Exactly the lines from the start of the data through the line containing "X182403750Y-66675000D03*" should be output, with both ends kept and nothing added.

:::

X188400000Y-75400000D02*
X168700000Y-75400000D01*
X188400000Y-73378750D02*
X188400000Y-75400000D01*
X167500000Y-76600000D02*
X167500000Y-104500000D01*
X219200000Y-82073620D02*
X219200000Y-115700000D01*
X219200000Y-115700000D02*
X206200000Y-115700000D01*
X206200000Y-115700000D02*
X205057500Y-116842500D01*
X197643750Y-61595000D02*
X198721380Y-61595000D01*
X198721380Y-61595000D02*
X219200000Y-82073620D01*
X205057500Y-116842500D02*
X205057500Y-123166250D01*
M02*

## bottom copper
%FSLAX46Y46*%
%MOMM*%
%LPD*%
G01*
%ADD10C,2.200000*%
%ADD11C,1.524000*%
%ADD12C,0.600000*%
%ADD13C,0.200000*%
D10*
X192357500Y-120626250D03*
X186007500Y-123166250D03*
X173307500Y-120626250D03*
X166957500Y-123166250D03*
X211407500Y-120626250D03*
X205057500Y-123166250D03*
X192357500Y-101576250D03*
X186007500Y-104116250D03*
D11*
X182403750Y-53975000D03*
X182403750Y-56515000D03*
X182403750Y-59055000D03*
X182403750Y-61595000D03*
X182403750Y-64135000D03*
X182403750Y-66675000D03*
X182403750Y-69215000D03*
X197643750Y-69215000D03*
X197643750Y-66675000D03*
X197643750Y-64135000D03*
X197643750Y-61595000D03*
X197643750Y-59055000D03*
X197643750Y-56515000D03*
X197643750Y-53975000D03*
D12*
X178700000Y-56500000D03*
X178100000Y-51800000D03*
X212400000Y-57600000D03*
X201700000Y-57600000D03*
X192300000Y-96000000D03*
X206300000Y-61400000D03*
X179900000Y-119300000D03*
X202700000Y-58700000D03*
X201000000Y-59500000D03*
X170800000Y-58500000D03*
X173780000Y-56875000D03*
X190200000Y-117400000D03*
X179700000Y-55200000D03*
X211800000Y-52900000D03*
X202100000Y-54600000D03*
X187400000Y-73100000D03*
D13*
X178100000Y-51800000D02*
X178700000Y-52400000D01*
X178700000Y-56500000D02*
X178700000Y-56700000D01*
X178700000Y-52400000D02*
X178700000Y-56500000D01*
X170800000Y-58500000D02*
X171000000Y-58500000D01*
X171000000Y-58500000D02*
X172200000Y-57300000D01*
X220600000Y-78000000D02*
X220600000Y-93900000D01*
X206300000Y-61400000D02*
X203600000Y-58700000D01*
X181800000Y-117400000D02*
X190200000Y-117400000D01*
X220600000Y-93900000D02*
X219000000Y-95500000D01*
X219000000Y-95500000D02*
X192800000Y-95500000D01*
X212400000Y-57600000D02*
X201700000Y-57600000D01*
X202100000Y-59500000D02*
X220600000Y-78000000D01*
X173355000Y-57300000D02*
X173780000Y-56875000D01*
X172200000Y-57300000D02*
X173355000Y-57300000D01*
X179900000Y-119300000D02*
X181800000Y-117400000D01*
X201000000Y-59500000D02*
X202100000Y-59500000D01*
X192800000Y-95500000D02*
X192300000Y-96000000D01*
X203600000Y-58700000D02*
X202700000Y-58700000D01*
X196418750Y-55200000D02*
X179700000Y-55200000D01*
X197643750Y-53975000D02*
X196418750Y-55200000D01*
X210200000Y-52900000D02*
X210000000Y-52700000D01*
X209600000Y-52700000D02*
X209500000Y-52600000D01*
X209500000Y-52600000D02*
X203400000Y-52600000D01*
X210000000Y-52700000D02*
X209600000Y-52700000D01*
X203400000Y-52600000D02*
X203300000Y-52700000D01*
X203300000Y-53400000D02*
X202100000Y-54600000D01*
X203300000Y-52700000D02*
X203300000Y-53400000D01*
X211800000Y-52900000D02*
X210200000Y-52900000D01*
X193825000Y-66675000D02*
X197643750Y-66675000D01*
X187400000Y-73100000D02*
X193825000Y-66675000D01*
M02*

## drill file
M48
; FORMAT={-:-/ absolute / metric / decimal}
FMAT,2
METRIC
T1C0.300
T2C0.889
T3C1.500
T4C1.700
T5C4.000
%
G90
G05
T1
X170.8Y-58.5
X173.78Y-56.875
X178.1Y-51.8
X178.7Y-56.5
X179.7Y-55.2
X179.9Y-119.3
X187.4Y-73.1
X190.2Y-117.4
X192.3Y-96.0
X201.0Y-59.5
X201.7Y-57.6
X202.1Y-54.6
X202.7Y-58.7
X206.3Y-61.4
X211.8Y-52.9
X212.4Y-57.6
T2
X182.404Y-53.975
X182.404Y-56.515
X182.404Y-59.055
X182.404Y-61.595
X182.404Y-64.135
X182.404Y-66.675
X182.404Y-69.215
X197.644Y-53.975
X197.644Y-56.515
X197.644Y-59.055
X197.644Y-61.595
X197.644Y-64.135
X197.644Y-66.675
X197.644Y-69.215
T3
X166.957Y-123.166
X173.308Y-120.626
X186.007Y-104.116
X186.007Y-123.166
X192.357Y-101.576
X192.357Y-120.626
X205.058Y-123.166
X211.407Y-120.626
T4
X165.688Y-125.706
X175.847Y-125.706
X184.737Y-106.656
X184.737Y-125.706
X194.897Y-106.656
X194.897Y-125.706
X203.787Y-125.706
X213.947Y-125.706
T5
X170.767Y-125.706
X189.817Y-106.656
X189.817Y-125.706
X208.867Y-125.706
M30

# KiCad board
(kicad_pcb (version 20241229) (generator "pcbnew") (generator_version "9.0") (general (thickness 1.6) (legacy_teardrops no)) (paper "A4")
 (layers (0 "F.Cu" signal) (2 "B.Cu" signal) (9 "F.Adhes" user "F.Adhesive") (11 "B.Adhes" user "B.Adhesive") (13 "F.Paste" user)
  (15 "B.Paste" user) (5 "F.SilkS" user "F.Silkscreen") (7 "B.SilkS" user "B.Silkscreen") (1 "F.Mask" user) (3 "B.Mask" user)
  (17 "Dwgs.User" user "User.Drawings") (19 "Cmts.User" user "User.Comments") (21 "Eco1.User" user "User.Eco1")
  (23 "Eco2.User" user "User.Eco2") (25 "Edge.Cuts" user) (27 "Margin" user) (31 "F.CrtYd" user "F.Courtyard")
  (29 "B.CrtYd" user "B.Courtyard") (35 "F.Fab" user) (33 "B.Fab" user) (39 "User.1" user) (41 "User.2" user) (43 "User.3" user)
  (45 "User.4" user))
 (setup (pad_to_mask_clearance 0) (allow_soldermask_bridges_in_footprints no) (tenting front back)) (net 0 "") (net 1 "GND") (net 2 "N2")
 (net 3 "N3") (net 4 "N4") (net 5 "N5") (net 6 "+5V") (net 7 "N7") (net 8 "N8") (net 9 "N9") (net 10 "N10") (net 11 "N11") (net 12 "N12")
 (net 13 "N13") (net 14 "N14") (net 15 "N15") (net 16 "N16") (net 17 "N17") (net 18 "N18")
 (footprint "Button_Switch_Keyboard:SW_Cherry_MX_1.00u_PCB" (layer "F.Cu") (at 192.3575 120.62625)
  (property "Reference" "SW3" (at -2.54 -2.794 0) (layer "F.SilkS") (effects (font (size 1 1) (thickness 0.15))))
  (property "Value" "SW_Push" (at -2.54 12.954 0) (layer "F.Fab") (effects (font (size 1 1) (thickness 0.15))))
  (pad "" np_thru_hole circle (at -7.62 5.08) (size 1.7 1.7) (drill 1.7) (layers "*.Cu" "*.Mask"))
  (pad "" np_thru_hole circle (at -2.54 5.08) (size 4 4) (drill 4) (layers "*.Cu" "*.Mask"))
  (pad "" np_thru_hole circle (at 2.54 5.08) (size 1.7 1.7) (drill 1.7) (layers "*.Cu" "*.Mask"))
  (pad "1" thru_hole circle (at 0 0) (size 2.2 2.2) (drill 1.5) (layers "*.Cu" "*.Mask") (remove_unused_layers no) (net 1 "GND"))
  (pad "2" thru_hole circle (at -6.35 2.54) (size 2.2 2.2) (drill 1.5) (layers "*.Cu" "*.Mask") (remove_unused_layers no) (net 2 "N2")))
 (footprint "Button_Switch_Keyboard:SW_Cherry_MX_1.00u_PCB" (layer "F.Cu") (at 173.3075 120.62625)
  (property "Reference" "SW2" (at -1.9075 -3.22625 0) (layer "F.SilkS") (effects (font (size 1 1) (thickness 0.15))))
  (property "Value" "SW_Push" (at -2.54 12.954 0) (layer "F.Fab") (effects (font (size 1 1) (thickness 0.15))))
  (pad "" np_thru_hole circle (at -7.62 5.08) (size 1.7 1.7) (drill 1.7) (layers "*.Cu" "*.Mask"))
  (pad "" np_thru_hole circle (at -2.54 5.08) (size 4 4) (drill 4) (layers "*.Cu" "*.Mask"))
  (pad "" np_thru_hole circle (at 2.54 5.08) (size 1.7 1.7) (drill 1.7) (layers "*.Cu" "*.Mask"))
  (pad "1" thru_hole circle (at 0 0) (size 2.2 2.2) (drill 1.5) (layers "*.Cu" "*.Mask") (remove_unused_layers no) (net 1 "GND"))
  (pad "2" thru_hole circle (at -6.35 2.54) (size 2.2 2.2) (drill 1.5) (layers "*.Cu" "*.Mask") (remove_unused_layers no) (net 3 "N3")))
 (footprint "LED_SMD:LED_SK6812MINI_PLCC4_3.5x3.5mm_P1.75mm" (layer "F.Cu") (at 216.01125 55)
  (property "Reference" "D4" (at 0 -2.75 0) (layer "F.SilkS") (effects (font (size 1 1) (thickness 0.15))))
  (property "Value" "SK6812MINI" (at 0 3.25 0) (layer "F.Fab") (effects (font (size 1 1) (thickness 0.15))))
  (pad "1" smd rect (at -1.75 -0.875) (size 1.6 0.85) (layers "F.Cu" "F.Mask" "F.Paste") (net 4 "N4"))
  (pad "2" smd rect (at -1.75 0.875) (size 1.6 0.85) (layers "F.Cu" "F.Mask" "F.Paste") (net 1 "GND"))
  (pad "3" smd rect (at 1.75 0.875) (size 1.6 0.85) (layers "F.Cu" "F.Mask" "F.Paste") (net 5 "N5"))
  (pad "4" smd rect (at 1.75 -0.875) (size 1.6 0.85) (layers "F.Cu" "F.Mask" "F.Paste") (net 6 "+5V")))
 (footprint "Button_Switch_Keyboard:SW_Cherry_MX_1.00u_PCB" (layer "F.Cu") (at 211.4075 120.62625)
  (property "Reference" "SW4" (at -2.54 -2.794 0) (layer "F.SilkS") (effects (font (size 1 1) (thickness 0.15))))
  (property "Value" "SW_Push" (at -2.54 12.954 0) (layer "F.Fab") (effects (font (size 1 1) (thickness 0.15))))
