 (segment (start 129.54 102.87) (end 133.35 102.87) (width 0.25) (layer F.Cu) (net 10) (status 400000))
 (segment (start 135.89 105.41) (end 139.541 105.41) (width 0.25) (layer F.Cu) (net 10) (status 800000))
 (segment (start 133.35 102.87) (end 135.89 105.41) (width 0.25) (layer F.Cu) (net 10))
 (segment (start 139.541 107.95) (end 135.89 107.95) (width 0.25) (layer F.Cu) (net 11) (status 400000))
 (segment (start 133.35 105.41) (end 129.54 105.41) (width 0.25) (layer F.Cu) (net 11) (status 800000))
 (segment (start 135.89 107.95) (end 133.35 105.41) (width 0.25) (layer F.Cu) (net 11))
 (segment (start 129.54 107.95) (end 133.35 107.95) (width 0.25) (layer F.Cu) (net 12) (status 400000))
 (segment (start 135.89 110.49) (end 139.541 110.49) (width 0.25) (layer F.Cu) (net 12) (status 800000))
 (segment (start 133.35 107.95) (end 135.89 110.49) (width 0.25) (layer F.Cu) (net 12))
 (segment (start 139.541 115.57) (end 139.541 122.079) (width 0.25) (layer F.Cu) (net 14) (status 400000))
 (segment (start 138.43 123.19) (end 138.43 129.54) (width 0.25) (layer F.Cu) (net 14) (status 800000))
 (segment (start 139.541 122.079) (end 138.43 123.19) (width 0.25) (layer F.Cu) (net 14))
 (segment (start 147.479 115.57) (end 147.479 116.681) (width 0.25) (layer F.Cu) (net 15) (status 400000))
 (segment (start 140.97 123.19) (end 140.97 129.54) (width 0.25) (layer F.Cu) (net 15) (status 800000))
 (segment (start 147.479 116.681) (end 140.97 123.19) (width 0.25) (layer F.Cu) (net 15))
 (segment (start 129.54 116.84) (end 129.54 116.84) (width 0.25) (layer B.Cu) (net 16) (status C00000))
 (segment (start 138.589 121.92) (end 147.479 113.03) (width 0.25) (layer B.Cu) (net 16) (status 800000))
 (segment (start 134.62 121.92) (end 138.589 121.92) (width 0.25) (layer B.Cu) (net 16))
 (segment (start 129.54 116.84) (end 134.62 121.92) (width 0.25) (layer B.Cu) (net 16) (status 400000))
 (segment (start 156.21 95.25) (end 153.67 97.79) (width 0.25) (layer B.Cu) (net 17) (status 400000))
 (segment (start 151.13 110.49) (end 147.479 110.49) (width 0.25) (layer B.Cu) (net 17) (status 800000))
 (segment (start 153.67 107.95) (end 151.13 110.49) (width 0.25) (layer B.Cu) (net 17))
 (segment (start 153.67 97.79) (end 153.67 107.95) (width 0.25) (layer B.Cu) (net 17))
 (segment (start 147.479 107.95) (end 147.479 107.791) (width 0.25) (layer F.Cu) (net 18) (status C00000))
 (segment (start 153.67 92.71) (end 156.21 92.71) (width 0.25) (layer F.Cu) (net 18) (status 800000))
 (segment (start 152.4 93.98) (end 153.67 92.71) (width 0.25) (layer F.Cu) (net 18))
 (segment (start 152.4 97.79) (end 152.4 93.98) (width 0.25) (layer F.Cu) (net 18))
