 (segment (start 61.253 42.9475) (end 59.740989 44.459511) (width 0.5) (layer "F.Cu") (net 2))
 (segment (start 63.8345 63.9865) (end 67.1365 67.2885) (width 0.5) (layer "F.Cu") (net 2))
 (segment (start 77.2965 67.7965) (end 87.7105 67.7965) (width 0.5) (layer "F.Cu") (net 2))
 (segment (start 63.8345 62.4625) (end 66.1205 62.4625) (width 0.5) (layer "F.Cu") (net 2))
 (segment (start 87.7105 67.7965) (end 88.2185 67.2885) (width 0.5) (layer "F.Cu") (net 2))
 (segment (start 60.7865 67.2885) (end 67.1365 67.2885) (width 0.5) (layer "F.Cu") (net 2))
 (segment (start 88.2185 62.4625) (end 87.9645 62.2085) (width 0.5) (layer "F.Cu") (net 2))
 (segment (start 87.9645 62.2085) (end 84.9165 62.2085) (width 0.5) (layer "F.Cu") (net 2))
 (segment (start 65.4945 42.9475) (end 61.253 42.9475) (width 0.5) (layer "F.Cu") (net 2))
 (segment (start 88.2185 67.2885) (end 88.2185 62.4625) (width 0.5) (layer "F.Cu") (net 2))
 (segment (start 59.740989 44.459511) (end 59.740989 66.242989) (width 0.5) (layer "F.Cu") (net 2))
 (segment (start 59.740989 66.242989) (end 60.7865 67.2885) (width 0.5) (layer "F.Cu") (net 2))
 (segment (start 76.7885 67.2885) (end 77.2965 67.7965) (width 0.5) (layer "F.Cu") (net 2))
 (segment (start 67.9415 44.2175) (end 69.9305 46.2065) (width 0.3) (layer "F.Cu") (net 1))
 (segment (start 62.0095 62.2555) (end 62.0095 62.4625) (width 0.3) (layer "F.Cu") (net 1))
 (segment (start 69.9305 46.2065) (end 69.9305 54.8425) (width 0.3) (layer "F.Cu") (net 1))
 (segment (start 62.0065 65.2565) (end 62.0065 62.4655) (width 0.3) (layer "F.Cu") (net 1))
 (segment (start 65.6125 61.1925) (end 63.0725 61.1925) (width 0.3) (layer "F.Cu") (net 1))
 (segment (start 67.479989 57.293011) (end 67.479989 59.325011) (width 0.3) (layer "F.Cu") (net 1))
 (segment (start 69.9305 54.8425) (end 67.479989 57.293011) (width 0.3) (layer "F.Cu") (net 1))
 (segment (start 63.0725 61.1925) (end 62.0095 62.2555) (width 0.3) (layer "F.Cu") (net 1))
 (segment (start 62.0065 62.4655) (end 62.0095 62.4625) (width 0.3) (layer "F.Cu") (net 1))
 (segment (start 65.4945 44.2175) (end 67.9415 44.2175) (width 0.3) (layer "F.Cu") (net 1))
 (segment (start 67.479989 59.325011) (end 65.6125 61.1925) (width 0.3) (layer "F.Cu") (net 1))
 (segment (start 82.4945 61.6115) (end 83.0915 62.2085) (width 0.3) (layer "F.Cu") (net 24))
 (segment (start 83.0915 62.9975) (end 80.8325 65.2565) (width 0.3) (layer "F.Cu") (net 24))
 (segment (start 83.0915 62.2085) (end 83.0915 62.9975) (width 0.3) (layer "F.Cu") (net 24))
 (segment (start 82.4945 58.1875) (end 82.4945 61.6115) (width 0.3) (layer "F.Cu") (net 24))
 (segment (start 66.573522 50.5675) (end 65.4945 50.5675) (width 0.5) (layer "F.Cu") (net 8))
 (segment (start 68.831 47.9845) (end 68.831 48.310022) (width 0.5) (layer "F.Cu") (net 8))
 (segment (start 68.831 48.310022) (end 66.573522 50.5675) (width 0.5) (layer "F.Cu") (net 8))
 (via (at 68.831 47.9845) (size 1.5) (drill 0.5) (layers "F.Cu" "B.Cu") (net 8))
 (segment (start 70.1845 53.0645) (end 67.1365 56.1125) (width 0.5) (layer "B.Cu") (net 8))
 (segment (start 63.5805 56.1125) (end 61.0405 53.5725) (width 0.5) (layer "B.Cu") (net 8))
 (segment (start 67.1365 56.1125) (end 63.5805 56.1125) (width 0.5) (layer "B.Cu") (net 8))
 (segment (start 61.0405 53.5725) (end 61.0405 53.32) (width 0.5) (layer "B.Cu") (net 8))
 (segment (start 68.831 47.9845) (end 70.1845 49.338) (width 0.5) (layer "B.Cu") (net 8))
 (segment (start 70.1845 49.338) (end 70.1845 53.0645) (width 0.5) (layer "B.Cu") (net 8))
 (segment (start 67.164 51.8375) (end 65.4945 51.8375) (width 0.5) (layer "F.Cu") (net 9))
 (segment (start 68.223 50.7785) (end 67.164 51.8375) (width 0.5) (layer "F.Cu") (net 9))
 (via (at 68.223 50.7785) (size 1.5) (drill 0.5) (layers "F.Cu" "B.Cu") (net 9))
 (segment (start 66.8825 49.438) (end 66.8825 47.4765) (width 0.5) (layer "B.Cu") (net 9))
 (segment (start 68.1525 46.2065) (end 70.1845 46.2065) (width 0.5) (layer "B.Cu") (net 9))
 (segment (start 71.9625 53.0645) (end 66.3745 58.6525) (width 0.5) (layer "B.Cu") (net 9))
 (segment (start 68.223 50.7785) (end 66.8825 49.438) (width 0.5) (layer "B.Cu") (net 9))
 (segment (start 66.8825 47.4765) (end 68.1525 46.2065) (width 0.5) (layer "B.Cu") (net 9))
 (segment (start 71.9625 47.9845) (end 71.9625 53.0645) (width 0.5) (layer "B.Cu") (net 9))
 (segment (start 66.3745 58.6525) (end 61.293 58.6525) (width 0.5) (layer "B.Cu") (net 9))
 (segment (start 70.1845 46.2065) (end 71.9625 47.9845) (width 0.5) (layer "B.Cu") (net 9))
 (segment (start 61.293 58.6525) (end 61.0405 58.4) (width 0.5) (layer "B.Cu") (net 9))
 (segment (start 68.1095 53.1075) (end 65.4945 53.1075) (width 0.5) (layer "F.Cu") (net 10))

:::

Exercise answer:
X188400000Y-75400000D02*
X168700000Y-75400000D01*
X188400000Y-73378750D02*
X188400000Y-75400000D01*
X167500000Y-76600000D02*
X167500000Y-104500000D01*
X219200000Y-82073620D02*
X219200000Y-115700000D01*
X219200000Y-115700000D02*
X206200000Y-115700000D01*
X206200000Y-115700000D02*
X205057500Y-116842500D01*
X197643750Y-61595000D02*
X198721380Y-61595000D01*
X198721380Y-61595000D02*
X219200000Y-82073620D01*
X205057500Y-116842500D02*
X205057500Y-123166250D01*
M02*

## bottom copper
%FSLAX46Y46*%
%MOMM*%
%LPD*%
G01*
%ADD10C,2.200000*%
%ADD11C,1.524000*%
%ADD12C,0.600000*%
%ADD13C,0.200000*%
D10*
X192357500Y-120626250D03*
X186007500Y-123166250D03*
X173307500Y-120626250D03*
X166957500Y-123166250D03*
X211407500Y-120626250D03*
X205057500Y-123166250D03*
X192357500Y-101576250D03*
X186007500Y-104116250D03*
D11*
X182403750Y-53975000D03*
X182403750Y-56515000D03*
X182403750Y-59055000D03*
X182403750Y-61595000D03*
X182403750Y-64135000D03*
X182403750Y-66675000D03*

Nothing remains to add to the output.